Saturday, April 07, 2012

Ham - Not Just for Easter (plus my ham and bean soup recipe)

It's Easter weekend, which means many people will be preparing a ham for the big meal.  For a lot of people this will be one of maybe 2 times they'll make a ham this year, but why just once or twice a year?  Hams are a great way to stretch your budget without really making it seem like you're eating on a budget.  At any time of the year you can pick up an unsliced half ham, 6 or 7 lbs for about $14-$16, this time of year you can usually grab one even cheaper (I stay away from the fancy spiral sliced hams for the most part, they're more expensive and I like being able to control how I cut the ham up).

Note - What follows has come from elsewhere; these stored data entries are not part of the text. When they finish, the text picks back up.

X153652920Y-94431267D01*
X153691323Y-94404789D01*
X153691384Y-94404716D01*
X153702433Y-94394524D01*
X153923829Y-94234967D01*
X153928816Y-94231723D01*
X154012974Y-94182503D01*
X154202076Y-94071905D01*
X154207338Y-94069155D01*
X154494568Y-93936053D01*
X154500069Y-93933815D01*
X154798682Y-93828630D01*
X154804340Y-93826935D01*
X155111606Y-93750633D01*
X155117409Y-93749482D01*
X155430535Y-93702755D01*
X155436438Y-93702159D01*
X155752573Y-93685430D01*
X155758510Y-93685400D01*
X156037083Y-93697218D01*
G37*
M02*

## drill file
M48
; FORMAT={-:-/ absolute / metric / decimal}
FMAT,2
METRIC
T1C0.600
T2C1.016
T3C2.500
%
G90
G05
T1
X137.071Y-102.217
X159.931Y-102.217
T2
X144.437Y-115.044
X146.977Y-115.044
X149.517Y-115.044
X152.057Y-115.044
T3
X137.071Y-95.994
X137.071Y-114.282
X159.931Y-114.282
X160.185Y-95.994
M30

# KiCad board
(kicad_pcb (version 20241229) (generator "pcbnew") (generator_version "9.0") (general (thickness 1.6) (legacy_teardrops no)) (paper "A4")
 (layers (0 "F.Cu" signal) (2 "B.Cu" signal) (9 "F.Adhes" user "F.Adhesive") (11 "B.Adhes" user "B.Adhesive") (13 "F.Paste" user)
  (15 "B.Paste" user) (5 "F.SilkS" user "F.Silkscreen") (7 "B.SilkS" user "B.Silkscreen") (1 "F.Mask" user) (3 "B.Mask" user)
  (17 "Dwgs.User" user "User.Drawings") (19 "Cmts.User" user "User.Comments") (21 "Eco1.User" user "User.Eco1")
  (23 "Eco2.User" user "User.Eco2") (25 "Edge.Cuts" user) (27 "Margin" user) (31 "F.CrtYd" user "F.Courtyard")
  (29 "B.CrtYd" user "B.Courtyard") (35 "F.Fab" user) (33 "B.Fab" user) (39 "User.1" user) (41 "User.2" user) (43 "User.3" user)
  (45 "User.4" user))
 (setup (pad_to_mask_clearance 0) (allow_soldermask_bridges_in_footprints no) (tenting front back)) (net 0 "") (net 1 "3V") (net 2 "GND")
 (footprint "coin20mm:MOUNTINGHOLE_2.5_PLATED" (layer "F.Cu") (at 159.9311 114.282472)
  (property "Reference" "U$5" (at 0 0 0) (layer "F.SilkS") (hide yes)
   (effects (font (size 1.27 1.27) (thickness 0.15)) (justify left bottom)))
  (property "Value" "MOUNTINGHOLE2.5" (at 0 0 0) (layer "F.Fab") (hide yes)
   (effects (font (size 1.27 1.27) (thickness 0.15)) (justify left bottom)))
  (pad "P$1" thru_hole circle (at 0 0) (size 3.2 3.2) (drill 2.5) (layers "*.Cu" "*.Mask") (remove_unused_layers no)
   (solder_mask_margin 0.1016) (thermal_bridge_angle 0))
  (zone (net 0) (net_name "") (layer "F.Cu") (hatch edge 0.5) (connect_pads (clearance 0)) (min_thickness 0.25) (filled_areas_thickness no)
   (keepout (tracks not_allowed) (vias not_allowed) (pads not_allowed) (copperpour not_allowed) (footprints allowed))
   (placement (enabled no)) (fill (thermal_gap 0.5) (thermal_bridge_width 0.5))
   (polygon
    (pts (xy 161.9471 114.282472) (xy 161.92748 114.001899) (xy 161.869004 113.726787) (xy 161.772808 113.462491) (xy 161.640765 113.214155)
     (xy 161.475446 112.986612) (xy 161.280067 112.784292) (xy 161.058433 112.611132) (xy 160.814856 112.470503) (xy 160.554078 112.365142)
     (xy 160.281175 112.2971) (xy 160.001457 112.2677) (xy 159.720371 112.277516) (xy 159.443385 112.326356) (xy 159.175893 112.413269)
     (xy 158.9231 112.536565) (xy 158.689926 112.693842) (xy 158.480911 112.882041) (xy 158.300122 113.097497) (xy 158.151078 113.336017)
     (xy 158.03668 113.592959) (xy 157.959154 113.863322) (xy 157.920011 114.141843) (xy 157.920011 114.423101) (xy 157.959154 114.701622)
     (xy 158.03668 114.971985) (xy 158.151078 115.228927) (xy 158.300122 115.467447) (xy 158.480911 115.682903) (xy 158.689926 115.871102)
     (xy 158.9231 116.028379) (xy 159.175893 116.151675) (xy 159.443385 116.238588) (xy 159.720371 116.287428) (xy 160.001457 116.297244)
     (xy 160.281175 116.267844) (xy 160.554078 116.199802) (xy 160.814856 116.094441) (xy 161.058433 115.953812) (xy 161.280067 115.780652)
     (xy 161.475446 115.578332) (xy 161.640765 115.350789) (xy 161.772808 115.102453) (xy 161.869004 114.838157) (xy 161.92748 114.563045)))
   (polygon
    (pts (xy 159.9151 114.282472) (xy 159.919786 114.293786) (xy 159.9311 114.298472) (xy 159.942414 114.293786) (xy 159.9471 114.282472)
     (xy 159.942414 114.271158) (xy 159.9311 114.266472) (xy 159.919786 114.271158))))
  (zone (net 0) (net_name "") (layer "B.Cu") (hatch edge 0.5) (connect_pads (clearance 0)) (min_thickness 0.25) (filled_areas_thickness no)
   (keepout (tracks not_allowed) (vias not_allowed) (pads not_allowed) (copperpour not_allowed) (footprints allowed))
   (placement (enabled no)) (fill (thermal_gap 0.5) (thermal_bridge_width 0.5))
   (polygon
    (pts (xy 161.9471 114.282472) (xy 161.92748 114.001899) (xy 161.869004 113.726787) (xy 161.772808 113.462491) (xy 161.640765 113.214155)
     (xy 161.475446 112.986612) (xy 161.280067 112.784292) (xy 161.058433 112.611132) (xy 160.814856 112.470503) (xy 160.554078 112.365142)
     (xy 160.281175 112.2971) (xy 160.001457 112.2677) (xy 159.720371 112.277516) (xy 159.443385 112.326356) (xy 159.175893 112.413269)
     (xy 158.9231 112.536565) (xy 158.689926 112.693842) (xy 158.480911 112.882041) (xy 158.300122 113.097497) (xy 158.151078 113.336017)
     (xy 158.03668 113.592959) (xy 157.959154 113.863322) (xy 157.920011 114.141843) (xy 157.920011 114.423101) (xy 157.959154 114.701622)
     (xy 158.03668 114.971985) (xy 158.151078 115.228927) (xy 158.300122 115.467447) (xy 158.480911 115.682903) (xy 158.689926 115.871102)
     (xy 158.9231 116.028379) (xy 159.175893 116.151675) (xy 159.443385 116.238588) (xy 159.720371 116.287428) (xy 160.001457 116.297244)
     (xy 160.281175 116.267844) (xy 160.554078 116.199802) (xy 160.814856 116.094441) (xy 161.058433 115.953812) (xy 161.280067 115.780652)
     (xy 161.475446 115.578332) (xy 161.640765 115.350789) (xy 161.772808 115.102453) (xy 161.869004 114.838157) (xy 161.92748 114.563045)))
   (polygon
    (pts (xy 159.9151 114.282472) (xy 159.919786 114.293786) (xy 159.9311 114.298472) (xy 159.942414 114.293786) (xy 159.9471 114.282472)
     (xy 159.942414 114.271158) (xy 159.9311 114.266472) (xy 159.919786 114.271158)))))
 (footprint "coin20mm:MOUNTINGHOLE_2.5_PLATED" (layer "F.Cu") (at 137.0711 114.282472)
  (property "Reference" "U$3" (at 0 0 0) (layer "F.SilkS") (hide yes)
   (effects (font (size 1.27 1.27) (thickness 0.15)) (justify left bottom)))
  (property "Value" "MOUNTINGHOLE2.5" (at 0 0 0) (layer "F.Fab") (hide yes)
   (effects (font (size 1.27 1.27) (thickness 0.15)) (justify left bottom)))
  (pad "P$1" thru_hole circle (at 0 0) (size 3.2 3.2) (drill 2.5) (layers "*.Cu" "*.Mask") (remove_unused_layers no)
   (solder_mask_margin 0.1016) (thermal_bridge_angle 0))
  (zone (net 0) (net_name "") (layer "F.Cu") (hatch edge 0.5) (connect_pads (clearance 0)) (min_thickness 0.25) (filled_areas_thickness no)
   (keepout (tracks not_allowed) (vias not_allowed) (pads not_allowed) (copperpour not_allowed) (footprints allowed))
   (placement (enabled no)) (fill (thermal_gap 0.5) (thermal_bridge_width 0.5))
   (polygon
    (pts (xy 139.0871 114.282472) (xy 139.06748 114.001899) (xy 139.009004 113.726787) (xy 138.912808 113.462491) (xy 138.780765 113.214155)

You're probably wondering what my point is.  Well, for that $16 plus a few more... I can stretch it out for 5 meals, and no... they don't have to be all in a row.  I start on a Saturday with the baked ham (simple stuff... put it face down in a baking dish with a little water - or beer, beer works great! - cover it with foil and just let it bake at about 250º for a few hours until warmed through.  No need for fancy glazes or preps, it tastes great just like this).  After dinner I'll cut the ham up into more manageable pieces, store part in the fridge and some in the freezer, the bone gets wrapped in plastic wrap and a freezer bag and goes into the fridge or freezer for soup.  Now you have some ham in the fridge for sandwiches, or a casserole... there's another meal or two.  You can take the bone, place it in a large pot of water with some onions, garlic and bay leaf... simmer it down for a few hours and you have a great ham stock for soup.. which will get you another 2 meals (I often freeze the stock in a freezer bag to make the soup later).  If you separate some of the fattier end pieces that are too gristly to eat on their own and throw those in the freezer, you'll have it on hand to flavor a pot of beans or maybe some greens if you're southern at heart.  So... here's the breakdown of the last time I bought a ham:

Day 1: Baked ham with sides ( roasted potatoes and butter peas)
Day 2: leftovers from day 1
Day 3: Grilled Ham and Cheese Sandwiches and Tomato Soup
Days 4 and 5: Ham and Bean Soup

Cost for 25 servings (5 meals for a family of 5, not including the pieces of ham saved for seasoning):
Ham - $14.00
Potatoes - $2.00
Butter Peas -  $2.29
Bread for 5 sandwiches: $1.00
Cheese for 5 sandwiches: $1.00 (this will vary depending on your choice of cheese)
2 onions for soup (1 for stock, 1 for the finished soup): $0.50
garlic, bayleaf and seasonings for soup - I don't count these as I consider them on hand pantry items
15 bean soup mix - $2.79
10 oz can mild Rotel - $1.00
cream sherry - a whole bottle costs about $5, but you need very little and it's optional, so we'll call this about $1.00

Cost per serving:  $1.02

Shan's Ham and Bean Soup

1 package 15 bean soup mix with ham flavoring
8 cups ham stock (if you don't have 8 cups you can supplement with water or chicken stock, you need enough to cover the beans by about an inch)
1 onion, chopped
1 Tbs minced garlic, or to taste
1 can mild rotel (you can use the regular or hot too if you prefer)
onion salt, cajun seasoning, salt and pepper to taste
1 1/2 tsp brown sugar
about 1/4 cup of cream sherry (I don't really measure this, it's to taste)
1 1/2 cups chopped ham

Wash and soak beans according to package directions.

Place soaked beans, onions, garlic, rotel, ham stock, sugar and seasonings in a large pot.  Bring to a boil, reduce heat and simmer until beans are tender, usually about an hour and a half.  Add in cream sherry and allow to simmer another 20 minutes.  Add ham and heat through.  Adjust seasoning to taste.